What is a blog called “Algorithmic Game Theory” attempting to cover? It seems that there is some rather ill-defined reserach area that now goes under this name, but also under various other names.
As the Internet was growing around the mid-to-late 1990’s, several threads of research emerged that somehow connected three key elements: Computer Science, Economics & Game-Theory, and the Internet. Within the networking community, several researchers started worrying about the non-cooperative nature of the Internet, and started considering the issue of incentives. Within the AI community, the coordination between multiple software “agents” became an area of study. Electronic commerce started flourishing, and the underlying basic questions started emerging. A few economists started studying Internet-related economic questions. Around the late 1990’s the different groups of people with these different motivations started talking to each other, and a joint field started emerging.
There was never a clear name for this emerging field. The first conference (that I know) that started connecting these people was called “Information and Computation Economies” empasizing the computation-economics interplay (the conference web page is no longer available on the web — the link here is to the wayback machine copy). ACM opened up a SIG (special interest group) under the name of Electronic Commerce, empasizing the application, with a confernce series under that name. The Multiagent angle was emphasized by AI-leaning conferences, a workshop taking the name Internet and Network Economies was later started, and other names for closely related — yet not just the same — fields were used. My own choice when teaching courses on this topic was either the un-committed Topics on the border of CS and economics or Foundations of electronic commerce (where “foundations” was meant to imply that we won’t be doing anything too practical). Christos Papadimitriou at Berkeley called his course Algorithmic aspects of game theory, while Tuomas Sandholm at CMU used Foundations of electronic marketplaces (wayback machine, again).

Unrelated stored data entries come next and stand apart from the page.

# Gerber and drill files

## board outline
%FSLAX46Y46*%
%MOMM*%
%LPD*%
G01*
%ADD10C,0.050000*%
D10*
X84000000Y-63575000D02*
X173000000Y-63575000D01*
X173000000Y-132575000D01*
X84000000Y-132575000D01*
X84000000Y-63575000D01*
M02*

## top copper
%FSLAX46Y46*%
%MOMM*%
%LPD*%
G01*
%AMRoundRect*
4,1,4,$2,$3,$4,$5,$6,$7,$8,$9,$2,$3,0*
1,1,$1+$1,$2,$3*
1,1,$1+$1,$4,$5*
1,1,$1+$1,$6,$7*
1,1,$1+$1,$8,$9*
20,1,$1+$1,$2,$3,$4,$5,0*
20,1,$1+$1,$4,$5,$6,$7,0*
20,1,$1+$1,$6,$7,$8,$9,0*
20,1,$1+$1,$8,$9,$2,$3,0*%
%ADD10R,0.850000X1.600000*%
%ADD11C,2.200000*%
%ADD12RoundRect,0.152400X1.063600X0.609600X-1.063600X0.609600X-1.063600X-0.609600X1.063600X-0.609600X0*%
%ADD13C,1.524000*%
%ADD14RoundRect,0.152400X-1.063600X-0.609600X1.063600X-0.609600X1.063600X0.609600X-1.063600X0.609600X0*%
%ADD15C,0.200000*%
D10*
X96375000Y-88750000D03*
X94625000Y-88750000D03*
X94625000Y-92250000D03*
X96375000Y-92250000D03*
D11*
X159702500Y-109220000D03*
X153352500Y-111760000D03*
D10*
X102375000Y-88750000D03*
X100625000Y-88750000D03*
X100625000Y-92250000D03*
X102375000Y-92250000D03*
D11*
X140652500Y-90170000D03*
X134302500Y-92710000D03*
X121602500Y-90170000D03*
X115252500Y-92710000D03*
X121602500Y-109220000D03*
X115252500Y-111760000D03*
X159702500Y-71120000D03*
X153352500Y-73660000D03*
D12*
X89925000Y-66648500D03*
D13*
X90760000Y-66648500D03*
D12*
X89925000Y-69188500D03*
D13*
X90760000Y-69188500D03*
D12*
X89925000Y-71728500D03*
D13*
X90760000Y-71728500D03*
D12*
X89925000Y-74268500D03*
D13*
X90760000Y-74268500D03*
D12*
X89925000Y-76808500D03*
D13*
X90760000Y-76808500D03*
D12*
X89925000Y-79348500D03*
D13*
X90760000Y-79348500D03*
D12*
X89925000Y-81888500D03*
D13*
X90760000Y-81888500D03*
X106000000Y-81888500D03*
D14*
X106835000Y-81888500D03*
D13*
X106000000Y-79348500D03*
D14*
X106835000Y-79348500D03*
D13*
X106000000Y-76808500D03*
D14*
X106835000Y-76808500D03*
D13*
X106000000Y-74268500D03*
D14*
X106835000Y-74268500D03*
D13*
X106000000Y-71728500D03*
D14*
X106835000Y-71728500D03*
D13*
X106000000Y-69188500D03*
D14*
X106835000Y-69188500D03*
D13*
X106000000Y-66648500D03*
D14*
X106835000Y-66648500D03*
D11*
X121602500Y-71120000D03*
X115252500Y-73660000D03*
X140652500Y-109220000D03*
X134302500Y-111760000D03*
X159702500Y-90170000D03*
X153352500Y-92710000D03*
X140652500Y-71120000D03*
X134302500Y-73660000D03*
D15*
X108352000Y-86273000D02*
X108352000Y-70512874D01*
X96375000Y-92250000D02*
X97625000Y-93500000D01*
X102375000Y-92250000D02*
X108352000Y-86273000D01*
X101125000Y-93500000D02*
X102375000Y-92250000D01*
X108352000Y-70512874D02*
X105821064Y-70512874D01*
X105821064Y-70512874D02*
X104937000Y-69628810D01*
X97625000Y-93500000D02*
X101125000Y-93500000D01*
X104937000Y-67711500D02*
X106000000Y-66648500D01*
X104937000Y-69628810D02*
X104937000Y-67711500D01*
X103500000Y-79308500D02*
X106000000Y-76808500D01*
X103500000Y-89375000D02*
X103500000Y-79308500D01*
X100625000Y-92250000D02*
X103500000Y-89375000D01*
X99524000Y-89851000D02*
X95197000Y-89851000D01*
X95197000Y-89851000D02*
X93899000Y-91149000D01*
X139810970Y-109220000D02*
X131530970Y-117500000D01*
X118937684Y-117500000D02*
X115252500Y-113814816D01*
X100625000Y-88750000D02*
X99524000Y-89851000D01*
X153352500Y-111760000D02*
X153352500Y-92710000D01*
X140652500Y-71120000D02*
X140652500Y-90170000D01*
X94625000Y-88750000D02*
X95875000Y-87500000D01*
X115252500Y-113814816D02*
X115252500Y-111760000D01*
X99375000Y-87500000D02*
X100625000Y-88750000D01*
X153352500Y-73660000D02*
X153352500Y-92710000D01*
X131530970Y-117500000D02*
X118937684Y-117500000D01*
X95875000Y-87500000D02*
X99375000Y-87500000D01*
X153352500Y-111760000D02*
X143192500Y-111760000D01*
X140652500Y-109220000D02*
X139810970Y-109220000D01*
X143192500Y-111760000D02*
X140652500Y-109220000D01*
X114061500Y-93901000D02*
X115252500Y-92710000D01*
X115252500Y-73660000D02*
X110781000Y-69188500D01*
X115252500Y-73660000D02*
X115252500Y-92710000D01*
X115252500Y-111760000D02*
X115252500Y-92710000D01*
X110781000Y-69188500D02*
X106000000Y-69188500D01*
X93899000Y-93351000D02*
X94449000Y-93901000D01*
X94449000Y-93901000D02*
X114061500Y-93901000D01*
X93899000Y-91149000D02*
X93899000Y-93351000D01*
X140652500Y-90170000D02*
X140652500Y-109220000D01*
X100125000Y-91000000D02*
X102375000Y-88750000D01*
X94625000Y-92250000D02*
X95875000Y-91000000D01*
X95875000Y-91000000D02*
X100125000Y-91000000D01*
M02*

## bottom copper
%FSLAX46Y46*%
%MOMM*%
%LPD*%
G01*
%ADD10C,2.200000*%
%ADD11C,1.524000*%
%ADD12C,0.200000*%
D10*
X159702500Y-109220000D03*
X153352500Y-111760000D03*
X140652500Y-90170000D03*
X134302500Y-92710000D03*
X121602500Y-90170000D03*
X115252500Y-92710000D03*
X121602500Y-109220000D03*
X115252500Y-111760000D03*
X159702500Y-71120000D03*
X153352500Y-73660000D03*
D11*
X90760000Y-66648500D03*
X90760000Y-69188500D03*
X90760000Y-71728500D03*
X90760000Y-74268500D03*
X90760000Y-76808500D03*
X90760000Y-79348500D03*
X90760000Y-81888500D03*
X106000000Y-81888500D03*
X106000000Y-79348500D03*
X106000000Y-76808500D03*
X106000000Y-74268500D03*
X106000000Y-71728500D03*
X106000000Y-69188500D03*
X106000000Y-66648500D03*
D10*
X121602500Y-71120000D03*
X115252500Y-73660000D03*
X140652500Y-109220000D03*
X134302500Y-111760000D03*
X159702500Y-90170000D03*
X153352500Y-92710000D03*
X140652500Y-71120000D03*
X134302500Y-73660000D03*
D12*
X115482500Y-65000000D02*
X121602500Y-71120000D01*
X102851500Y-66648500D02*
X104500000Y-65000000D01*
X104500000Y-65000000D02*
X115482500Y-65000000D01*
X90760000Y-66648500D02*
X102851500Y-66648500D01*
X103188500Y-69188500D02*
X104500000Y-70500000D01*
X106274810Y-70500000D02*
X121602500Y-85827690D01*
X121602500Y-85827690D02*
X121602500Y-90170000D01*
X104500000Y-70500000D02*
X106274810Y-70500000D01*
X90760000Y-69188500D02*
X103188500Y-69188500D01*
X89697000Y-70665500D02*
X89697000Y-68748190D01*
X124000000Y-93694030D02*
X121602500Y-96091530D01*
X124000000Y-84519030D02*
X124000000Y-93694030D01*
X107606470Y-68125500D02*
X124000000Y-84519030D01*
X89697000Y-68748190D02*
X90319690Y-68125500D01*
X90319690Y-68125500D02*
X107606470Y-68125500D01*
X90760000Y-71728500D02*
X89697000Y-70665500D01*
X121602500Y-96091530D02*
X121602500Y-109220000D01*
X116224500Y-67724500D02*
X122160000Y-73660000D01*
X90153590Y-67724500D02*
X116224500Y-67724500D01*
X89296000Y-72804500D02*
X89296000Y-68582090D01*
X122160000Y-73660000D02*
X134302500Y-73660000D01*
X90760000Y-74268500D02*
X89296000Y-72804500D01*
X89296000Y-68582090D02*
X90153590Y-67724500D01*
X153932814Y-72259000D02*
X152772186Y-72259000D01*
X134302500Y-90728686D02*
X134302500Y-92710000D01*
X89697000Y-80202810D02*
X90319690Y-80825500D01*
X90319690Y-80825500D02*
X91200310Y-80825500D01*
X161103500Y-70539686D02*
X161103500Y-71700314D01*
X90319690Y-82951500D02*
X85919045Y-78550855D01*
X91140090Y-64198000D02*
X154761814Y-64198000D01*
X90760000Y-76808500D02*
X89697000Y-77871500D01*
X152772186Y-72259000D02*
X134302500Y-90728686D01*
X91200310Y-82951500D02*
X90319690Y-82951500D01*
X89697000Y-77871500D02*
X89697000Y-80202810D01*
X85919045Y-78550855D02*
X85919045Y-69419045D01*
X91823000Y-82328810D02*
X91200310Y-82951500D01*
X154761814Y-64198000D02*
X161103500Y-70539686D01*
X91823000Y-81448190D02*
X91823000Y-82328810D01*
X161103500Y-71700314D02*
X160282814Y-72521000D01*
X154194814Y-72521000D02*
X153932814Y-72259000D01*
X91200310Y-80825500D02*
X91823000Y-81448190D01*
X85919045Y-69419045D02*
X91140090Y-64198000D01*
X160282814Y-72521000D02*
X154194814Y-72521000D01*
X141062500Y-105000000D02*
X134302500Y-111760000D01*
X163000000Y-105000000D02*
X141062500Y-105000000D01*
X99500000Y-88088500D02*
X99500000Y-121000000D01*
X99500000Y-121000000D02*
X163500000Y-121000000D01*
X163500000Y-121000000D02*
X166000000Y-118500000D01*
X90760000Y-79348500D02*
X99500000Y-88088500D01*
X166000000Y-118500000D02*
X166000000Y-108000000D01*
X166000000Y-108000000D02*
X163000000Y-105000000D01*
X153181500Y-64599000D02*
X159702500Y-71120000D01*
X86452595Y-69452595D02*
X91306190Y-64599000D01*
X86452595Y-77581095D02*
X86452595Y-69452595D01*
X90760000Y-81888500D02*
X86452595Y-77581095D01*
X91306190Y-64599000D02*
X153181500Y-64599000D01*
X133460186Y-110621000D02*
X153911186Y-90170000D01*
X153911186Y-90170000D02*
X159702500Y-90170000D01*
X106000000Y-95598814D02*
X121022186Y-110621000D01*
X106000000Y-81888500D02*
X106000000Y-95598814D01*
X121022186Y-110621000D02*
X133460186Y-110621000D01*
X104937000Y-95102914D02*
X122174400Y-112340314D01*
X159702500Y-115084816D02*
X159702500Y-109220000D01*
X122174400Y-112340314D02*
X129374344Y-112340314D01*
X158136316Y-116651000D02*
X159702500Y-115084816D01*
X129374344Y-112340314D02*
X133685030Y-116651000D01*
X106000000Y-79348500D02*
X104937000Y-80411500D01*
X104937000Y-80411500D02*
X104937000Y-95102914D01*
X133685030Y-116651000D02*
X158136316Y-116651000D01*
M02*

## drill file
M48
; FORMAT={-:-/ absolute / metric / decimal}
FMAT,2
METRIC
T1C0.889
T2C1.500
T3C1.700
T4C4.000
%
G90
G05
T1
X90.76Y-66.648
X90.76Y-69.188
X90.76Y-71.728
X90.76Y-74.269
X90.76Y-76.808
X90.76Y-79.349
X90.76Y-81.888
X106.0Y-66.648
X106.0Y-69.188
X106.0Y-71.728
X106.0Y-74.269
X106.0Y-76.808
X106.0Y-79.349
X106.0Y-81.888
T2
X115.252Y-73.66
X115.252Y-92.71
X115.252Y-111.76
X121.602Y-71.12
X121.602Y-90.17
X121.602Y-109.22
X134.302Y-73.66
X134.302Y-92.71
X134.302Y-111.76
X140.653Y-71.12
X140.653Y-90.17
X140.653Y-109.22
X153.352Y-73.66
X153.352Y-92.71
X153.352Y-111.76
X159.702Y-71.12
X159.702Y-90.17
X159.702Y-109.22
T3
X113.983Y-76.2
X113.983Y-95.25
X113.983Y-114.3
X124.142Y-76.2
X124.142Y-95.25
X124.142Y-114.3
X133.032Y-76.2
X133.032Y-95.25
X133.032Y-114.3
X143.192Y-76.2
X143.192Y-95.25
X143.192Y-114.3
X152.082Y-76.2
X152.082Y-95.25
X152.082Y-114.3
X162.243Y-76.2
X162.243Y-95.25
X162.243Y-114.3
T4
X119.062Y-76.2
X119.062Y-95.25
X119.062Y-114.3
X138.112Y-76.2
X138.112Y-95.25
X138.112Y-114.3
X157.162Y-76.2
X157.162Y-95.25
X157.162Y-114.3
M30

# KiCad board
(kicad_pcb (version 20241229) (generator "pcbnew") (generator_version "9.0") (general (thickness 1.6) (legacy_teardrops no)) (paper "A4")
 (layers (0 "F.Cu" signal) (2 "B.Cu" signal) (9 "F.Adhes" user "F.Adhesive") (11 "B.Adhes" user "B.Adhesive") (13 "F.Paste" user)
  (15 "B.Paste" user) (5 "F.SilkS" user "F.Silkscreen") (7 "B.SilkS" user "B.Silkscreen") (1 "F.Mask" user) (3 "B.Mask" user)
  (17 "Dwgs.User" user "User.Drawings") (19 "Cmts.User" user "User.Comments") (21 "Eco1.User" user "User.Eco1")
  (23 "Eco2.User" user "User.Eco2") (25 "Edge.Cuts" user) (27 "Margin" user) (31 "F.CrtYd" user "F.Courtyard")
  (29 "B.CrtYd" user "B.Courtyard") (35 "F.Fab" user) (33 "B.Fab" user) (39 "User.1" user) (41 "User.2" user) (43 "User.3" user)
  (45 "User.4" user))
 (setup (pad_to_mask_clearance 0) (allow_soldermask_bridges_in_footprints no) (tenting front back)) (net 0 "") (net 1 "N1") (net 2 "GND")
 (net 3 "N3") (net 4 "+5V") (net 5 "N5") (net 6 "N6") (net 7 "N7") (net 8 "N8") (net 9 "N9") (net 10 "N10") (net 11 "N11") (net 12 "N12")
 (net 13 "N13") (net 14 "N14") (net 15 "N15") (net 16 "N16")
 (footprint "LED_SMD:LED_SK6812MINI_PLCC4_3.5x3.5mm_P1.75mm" (layer "F.Cu") (at 95.5 90.5 -90)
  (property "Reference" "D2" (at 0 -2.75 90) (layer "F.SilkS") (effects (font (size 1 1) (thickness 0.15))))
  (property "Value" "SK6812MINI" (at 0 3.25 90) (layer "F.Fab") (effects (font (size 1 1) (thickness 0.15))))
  (pad "1" smd rect (at -1.75 -0.875 270) (size 1.6 0.85) (layers "F.Cu" "F.Mask" "F.Paste") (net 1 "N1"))
  (pad "2" smd rect (at -1.75 0.875 270) (size 1.6 0.85) (layers "F.Cu" "F.Mask" "F.Paste") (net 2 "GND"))
  (pad "3" smd rect (at 1.75 0.875 270) (size 1.6 0.85) (layers "F.Cu" "F.Mask" "F.Paste") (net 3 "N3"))
  (pad "4" smd rect (at 1.75 -0.875 270) (size 1.6 0.85) (layers "F.Cu" "F.Mask" "F.Paste") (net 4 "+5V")))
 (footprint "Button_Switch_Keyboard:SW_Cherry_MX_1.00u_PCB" (layer "F.Cu") (at 159.7025 109.22)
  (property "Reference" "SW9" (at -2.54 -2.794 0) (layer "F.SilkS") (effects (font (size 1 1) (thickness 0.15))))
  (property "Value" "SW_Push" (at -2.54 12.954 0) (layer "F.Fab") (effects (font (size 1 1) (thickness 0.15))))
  (pad "" np_thru_hole circle (at -7.62 5.08) (size 1.7 1.7) (drill 1.7) (layers "*.Cu" "*.Mask"))
  (pad "" np_thru_hole circle (at -2.54 5.08) (size 4 4) (drill 4) (layers "*.Cu" "*.Mask"))
  (pad "" np_thru_hole circle (at 2.54 5.08) (size 1.7 1.7) (drill 1.7) (layers "*.Cu" "*.Mask"))
  (pad "1" thru_hole circle (at 0 0) (size 2.2 2.2) (drill 1.5) (layers "*.Cu" "*.Mask") (remove_unused_layers no) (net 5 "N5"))
  (pad "2" thru_hole circle (at -6.35 2.54) (size 2.2 2.2) (drill 1.5) (layers "*.Cu" "*.Mask") (remove_unused_layers no) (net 2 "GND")))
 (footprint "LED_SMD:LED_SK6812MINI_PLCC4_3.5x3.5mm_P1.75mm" (layer "F.Cu") (at 101.5 90.5 -90)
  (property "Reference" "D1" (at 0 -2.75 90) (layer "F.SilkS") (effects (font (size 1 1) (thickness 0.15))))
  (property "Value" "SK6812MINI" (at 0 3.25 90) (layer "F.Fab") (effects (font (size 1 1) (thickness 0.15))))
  (pad "1" smd rect (at -1.75 -0.875 270) (size 1.6 0.85) (layers "F.Cu" "F.Mask" "F.Paste") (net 3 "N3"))
  (pad "2" smd rect (at -1.75 0.875 270) (size 1.6 0.85) (layers "F.Cu" "F.Mask" "F.Paste") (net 2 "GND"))
  (pad "3" smd rect (at 1.75 0.875 270) (size 1.6 0.85) (layers "F.Cu" "F.Mask" "F.Paste") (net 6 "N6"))
  (pad "4" smd rect (at 1.75 -0.875 270) (size 1.6 0.85) (layers "F.Cu" "F.Mask" "F.Paste") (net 4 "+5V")))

When Eva Tardos, Vijay Vazirani, Tim Roughgarden and myself were editing our book on Algorithmic game theory we knew that we wanted to cover this general area (from a somewhat focused perspective due to our theoretical-CS background), but we were not really sure what to call it — neither the book nor the area. Christos had a strong opinion what the field should be called Algorithmic Game Theory, so we decided to stick with that for our book as well. While the name itself is somewhat imprecise (I personally am missing “Internet”, “Markets”, and “Computation” in the name, but you can’t have it all in a snappy name), it seems that Christos’s naming for the field is sticking, so I’m going with it.